*** Opening of Records shown ***
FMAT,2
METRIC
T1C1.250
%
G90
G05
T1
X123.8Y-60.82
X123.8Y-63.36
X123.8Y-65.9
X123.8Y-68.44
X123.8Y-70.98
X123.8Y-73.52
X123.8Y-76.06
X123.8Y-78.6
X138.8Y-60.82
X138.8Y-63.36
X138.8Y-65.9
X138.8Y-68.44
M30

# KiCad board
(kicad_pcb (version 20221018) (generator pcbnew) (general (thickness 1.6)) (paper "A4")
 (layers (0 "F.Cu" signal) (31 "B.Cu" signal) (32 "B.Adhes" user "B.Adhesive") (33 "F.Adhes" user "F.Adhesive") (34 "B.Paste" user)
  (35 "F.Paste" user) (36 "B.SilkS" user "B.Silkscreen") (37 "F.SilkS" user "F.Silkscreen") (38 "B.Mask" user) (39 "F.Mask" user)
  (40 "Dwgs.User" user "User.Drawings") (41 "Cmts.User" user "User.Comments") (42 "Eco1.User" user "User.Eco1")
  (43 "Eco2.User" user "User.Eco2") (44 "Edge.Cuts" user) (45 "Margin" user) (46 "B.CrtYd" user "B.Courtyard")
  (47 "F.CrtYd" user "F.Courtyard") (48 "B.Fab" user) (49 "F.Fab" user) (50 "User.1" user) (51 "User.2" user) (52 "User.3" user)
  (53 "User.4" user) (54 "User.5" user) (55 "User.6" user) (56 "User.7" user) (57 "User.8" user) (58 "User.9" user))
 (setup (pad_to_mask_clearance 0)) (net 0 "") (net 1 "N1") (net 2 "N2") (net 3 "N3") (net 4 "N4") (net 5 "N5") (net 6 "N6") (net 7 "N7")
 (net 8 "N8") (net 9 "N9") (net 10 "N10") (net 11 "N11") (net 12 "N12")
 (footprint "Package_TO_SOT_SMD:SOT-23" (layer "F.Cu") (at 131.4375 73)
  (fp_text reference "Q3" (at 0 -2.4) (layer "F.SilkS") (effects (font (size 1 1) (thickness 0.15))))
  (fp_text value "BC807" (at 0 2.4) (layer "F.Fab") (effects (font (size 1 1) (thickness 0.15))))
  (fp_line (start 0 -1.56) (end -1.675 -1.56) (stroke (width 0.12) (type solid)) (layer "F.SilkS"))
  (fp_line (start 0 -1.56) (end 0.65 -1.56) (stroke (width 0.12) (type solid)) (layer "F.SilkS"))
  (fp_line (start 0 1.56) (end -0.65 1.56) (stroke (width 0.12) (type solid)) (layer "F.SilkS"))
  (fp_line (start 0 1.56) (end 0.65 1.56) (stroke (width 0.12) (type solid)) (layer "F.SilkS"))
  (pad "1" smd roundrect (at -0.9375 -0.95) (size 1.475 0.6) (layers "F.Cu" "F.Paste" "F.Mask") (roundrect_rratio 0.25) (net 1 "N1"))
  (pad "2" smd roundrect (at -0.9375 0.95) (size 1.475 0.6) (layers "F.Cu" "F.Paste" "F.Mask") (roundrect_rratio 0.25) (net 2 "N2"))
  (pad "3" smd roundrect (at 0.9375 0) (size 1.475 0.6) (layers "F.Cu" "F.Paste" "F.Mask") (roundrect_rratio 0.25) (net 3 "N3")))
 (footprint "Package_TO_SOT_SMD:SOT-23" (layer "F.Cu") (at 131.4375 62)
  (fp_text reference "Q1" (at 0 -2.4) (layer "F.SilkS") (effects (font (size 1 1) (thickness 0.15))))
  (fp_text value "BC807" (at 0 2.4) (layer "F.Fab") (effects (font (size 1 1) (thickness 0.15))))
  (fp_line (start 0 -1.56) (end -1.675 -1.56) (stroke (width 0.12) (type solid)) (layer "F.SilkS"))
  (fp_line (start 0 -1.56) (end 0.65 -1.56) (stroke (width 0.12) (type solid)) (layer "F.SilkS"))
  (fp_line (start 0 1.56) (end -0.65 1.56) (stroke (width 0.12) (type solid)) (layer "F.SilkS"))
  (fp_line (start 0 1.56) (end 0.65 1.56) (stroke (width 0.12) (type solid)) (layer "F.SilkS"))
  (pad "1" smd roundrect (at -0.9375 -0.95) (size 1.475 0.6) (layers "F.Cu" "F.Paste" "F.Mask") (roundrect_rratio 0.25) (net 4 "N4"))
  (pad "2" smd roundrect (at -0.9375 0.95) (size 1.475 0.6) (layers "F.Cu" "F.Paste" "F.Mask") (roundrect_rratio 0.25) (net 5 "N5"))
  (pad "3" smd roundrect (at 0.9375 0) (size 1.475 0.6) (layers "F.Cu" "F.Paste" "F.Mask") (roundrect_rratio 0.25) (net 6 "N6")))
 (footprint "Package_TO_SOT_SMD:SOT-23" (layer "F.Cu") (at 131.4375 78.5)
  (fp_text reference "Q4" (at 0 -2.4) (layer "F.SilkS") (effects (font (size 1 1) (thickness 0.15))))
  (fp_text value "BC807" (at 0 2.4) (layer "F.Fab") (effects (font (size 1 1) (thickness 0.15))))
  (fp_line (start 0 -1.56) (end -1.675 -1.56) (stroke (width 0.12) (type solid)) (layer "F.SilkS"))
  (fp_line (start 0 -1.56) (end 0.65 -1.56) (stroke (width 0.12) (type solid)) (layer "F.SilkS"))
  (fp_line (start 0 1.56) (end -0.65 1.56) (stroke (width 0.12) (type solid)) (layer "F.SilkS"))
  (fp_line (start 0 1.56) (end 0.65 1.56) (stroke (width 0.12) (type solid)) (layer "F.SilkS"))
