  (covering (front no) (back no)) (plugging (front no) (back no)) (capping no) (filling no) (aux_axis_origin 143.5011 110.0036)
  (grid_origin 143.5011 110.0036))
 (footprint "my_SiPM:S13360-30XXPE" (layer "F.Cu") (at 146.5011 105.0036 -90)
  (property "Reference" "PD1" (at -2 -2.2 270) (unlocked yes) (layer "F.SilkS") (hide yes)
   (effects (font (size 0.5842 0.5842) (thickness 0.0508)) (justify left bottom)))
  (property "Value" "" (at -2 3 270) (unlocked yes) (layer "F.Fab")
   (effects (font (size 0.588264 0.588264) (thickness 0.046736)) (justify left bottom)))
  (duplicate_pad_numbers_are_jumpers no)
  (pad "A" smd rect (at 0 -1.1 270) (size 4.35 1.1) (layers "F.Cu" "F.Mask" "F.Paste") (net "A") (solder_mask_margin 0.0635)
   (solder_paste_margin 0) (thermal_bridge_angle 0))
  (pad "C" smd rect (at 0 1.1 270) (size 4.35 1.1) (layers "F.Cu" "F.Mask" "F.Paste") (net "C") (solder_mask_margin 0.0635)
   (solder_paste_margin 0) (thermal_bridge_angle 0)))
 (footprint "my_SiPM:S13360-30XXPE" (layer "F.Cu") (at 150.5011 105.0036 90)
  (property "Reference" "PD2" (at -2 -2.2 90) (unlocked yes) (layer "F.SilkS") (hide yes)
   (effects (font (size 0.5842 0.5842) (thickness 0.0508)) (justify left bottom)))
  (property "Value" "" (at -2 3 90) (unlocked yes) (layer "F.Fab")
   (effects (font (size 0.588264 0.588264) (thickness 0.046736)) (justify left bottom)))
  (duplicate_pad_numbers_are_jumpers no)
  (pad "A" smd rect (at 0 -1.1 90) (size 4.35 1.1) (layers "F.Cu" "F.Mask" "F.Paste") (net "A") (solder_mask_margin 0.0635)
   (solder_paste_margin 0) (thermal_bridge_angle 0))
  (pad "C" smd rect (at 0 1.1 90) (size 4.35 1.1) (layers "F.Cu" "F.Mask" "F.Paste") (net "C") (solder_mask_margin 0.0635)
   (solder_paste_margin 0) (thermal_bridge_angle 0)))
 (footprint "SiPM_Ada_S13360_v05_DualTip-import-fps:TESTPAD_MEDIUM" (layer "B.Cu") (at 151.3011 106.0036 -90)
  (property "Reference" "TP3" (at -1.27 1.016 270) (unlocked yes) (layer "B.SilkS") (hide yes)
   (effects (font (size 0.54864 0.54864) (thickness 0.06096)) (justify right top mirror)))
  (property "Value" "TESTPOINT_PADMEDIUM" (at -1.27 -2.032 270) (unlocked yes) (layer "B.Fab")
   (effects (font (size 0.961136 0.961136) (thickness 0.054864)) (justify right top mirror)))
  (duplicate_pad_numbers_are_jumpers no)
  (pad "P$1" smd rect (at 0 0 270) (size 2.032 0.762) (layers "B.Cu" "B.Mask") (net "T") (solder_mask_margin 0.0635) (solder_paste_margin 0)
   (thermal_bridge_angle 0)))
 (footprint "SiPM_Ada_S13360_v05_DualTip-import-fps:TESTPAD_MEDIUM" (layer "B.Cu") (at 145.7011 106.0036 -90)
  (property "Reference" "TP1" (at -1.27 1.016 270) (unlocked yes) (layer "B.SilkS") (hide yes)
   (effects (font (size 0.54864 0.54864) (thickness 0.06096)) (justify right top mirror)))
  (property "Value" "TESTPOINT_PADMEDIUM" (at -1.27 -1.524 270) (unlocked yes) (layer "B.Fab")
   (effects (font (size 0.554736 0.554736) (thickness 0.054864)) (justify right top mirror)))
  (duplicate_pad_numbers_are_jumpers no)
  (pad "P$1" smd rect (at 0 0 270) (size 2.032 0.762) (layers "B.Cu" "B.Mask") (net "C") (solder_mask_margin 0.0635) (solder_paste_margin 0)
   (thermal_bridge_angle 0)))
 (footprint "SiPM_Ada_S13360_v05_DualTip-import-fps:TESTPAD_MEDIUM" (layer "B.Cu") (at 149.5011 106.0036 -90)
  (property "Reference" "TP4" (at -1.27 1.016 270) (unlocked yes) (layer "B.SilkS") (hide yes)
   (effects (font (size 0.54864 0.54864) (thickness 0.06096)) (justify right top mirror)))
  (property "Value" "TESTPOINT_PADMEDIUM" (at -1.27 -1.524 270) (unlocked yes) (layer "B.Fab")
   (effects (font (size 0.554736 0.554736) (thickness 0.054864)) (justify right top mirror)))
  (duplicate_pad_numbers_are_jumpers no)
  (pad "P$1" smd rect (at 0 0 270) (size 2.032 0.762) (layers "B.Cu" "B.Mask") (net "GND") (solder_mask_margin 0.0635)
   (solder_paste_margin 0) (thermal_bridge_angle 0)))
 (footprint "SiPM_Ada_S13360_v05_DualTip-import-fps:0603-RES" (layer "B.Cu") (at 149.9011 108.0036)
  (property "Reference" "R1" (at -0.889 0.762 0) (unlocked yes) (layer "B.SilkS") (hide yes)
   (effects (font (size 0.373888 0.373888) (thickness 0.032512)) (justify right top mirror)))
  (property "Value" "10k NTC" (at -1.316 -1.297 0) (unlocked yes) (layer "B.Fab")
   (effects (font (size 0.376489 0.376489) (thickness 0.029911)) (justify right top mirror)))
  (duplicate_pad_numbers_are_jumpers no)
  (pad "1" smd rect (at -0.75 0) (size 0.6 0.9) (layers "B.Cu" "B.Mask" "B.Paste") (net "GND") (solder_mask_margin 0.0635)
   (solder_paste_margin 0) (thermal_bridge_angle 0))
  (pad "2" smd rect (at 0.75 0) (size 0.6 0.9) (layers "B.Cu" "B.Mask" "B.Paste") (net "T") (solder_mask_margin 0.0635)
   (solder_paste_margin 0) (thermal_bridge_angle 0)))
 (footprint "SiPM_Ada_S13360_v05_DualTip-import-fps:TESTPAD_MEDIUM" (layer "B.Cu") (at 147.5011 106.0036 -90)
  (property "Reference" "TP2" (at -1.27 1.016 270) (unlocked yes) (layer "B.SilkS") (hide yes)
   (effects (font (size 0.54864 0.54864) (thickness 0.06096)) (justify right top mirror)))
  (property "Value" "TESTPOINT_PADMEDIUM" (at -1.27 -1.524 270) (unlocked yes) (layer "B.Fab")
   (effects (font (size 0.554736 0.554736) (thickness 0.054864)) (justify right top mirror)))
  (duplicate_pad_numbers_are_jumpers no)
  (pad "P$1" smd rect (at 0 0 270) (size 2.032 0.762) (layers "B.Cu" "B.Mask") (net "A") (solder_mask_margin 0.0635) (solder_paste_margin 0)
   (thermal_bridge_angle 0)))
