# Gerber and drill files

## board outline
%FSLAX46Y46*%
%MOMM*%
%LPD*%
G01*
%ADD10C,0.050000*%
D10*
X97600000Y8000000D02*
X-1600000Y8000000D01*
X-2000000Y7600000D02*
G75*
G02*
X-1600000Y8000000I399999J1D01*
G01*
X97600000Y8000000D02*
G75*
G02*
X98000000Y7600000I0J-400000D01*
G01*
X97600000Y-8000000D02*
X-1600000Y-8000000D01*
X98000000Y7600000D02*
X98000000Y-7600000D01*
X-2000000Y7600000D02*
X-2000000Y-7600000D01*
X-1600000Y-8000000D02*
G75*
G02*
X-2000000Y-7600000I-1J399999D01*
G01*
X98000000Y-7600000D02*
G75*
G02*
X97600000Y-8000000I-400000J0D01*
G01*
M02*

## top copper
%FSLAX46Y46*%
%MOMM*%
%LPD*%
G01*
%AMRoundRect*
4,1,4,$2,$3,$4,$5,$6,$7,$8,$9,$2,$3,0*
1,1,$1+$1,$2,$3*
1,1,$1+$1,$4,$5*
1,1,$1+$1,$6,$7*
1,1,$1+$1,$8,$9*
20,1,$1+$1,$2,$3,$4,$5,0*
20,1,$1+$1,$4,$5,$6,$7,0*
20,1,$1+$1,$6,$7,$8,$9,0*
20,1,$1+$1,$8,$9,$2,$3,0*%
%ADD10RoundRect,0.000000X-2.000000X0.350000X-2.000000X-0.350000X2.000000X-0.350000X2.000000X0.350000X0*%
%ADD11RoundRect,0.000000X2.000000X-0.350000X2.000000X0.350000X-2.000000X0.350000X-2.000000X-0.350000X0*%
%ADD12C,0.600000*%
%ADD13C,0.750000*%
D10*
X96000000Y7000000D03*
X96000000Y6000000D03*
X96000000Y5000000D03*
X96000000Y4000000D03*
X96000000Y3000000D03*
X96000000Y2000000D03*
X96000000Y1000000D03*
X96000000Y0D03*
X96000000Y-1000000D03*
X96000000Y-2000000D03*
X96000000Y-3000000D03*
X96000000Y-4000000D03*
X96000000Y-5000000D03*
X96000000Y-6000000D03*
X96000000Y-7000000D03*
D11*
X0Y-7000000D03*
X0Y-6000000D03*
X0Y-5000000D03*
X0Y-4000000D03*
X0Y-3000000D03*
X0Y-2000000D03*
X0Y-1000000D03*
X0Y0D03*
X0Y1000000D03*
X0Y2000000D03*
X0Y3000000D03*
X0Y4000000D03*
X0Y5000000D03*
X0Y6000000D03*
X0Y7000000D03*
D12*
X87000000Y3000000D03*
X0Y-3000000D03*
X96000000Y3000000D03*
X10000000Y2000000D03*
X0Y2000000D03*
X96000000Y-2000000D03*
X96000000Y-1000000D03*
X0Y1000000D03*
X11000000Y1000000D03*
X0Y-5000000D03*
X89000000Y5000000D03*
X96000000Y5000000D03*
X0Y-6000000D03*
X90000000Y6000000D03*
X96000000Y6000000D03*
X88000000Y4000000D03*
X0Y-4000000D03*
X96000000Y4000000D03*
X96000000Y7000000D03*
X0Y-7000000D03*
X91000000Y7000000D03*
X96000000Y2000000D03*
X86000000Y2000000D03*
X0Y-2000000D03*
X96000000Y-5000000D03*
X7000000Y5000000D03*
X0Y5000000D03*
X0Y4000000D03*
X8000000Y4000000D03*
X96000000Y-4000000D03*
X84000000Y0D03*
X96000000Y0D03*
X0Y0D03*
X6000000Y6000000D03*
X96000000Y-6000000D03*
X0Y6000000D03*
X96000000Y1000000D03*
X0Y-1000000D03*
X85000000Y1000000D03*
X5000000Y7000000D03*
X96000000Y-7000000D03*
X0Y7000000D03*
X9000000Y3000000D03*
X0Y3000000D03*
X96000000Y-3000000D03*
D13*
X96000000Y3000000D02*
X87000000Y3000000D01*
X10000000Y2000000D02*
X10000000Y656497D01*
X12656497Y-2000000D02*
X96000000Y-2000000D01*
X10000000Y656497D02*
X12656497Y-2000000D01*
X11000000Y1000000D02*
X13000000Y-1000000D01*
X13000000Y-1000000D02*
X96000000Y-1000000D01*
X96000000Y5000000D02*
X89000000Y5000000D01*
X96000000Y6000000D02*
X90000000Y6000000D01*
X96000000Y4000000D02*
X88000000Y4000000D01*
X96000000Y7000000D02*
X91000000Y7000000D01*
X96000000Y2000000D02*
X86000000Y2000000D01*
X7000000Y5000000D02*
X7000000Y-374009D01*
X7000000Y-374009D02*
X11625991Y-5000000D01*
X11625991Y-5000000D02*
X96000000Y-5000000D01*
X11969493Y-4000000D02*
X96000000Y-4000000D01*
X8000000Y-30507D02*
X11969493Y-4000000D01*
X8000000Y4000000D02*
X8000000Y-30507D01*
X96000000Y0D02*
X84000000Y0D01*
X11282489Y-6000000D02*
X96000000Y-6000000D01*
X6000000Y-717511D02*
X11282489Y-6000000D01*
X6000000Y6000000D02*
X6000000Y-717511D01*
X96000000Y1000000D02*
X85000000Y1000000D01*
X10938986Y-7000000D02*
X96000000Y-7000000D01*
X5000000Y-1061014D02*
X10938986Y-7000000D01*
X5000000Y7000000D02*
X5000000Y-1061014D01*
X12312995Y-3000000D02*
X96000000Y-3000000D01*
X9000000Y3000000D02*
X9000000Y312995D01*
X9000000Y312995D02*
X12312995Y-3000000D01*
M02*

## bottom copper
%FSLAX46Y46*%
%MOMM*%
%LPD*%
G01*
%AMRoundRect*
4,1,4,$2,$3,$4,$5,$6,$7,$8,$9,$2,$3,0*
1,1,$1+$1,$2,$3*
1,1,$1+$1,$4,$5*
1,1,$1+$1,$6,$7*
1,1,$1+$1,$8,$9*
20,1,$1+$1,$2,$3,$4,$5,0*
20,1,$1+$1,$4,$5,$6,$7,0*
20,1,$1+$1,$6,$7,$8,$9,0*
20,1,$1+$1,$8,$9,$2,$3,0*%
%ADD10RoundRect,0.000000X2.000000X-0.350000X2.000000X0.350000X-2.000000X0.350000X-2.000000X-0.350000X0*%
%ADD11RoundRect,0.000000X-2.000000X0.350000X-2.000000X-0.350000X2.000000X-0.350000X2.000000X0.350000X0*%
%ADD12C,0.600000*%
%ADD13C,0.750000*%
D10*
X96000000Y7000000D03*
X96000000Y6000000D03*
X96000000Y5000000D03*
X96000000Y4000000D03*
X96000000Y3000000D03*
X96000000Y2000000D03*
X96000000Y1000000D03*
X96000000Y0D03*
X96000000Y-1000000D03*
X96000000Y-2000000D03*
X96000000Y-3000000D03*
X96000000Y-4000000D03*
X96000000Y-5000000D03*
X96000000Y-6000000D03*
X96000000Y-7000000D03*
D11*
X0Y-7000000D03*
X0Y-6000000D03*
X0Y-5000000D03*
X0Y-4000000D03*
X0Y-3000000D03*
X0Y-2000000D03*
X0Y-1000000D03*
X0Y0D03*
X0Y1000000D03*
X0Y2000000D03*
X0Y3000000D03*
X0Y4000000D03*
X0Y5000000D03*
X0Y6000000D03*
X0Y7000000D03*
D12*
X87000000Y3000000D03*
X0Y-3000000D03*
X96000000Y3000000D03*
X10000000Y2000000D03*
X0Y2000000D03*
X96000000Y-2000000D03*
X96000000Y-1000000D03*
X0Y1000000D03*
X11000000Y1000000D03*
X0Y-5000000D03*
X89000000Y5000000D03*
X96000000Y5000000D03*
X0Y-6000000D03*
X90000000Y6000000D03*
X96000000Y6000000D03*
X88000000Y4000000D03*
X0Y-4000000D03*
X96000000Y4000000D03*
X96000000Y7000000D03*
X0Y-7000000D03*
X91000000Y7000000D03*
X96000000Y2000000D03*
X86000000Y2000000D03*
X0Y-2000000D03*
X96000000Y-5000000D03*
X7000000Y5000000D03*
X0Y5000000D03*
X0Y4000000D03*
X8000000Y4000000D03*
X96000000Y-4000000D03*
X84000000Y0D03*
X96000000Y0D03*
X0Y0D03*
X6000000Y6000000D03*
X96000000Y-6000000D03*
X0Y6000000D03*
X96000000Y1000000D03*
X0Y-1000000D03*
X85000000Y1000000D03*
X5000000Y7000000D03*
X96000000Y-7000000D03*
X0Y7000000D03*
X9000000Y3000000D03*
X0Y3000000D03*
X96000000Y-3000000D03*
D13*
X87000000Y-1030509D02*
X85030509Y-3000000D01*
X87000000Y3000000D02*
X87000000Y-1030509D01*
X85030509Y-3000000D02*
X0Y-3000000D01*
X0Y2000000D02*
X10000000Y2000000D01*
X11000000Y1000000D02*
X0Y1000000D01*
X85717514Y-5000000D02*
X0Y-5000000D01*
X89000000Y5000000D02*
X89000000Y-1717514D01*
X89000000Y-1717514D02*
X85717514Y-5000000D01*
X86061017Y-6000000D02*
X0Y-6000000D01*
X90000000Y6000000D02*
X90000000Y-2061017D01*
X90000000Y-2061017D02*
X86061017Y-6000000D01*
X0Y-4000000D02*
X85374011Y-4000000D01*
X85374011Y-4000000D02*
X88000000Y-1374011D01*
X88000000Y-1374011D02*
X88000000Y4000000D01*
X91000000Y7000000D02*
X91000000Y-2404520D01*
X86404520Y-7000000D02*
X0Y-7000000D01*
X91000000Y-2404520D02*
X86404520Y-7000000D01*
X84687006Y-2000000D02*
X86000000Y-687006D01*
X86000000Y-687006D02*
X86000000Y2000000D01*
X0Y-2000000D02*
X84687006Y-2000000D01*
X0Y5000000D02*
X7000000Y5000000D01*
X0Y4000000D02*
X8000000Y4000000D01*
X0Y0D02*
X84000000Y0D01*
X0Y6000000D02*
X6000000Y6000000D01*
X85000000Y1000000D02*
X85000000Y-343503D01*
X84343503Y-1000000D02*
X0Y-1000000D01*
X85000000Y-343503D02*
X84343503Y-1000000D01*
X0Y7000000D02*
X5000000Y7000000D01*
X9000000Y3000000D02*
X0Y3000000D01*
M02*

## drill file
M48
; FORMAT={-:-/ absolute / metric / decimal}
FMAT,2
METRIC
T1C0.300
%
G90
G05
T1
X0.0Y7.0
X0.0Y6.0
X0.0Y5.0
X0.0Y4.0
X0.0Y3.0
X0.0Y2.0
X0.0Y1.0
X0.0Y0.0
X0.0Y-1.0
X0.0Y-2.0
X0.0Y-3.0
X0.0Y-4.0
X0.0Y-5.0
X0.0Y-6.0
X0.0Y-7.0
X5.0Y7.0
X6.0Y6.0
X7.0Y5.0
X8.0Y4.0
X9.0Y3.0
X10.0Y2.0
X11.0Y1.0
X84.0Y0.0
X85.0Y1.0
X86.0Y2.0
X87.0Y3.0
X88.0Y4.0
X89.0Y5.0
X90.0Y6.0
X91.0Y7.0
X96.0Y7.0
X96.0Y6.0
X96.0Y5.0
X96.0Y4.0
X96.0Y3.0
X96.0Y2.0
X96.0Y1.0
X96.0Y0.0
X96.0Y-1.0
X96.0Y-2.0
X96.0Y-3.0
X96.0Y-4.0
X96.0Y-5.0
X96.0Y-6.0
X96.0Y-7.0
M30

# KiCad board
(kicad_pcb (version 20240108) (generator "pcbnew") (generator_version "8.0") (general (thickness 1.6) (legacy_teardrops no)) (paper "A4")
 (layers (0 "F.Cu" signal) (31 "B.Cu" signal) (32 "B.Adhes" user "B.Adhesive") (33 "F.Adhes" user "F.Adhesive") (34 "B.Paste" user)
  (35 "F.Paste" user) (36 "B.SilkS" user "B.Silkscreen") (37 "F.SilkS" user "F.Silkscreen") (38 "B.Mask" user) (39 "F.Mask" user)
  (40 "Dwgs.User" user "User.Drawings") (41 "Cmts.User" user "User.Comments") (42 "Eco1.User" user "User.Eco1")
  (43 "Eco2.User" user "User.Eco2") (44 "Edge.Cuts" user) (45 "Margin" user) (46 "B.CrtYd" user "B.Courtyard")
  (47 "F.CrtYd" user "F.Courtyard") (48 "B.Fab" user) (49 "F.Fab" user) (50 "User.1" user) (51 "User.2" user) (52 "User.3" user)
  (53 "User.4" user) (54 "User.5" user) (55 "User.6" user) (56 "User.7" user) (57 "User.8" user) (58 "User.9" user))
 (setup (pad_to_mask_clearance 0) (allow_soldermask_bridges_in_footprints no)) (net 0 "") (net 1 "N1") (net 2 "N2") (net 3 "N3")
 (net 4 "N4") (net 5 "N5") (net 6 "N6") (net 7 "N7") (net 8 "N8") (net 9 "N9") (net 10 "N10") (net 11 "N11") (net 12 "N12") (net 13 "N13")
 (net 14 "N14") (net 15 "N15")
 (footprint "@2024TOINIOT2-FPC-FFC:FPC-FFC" (layer "F.Cu") (at 96 0 -90)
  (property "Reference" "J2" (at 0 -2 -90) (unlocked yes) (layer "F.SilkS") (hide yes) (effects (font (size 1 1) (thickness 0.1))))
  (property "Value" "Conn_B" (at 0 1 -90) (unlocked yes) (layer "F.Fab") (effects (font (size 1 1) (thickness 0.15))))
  (pad "1" smd roundrect (at -7 0 270) (size 0.7 4) (layers "F.Cu" "F.Paste" "B.SilkS" "F.Mask") (roundrect_rratio 0) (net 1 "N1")
   (thermal_bridge_angle 45))
  (pad "1" smd roundrect (at -7 0 90) (size 0.7 4) (layers "B.Cu" "B.Paste" "F.SilkS" "B.Mask") (roundrect_rratio 0) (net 1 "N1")
   (thermal_bridge_angle 45))
  (pad "2" smd roundrect (at -6 0 270) (size 0.7 4) (layers "F.Cu" "F.Paste" "B.SilkS" "F.Mask") (roundrect_rratio 0) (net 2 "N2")
   (thermal_bridge_angle 45))
  (pad "2" smd roundrect (at -6 0 90) (size 0.7 4) (layers "B.Cu" "B.Paste" "F.SilkS" "B.Mask") (roundrect_rratio 0) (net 2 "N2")
   (thermal_bridge_angle 45))
  (pad "3" smd roundrect (at -5 0 270) (size 0.7 4) (layers "F.Cu" "F.Paste" "B.SilkS" "F.Mask") (roundrect_rratio 0) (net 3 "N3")
   (thermal_bridge_angle 45))
  (pad "3" smd roundrect (at -5 0 90) (size 0.7 4) (layers "B.Cu" "B.Paste" "F.SilkS" "B.Mask") (roundrect_rratio 0) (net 3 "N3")
   (thermal_bridge_angle 45))
  (pad "4" smd roundrect (at -4 0 270) (size 0.7 4) (layers "F.Cu" "F.Paste" "B.SilkS" "F.Mask") (roundrect_rratio 0) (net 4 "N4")
   (thermal_bridge_angle 45))
  (pad "4" smd roundrect (at -4 0 90) (size 0.7 4) (layers "B.Cu" "B.Paste" "F.SilkS" "B.Mask") (roundrect_rratio 0) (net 4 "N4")
   (thermal_bridge_angle 45))
  (pad "5" smd roundrect (at -3 0 270) (size 0.7 4) (layers "F.Cu" "F.Paste" "B.SilkS" "F.Mask") (roundrect_rratio 0) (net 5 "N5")
   (thermal_bridge_angle 45))
  (pad "5" smd roundrect (at -3 0 90) (size 0.7 4) (layers "B.Cu" "B.Paste" "F.SilkS" "B.Mask") (roundrect_rratio 0) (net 5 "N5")
   (thermal_bridge_angle 45))
  (pad "6" smd roundrect (at -2 0 270) (size 0.7 4) (layers "F.Cu" "F.Paste" "B.SilkS" "F.Mask") (roundrect_rratio 0) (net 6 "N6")
   (thermal_bridge_angle 45))
  (pad "6" smd roundrect (at -2 0 90) (size 0.7 4) (layers "B.Cu" "B.Paste" "F.SilkS" "B.Mask") (roundrect_rratio 0) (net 6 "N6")
   (thermal_bridge_angle 45))
  (pad "7" smd roundrect (at -1 0 270) (size 0.7 4) (layers "F.Cu" "F.Paste" "B.SilkS" "F.Mask") (roundrect_rratio 0) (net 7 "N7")
   (thermal_bridge_angle 45))
  (pad "7" smd roundrect (at -1 0 90) (size 0.7 4) (layers "B.Cu" "B.Paste" "F.SilkS" "B.Mask") (roundrect_rratio 0) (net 7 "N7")
   (thermal_bridge_angle 45))
  (pad "8" smd roundrect (at 0 0 270) (size 0.7 4) (layers "F.Cu" "F.Paste" "B.SilkS" "F.Mask") (roundrect_rratio 0) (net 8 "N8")
   (thermal_bridge_angle 45))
*** Close of Records shown ***
About this task: Check each line above for "pcbnew" and please state only how many have it.

Reply: 2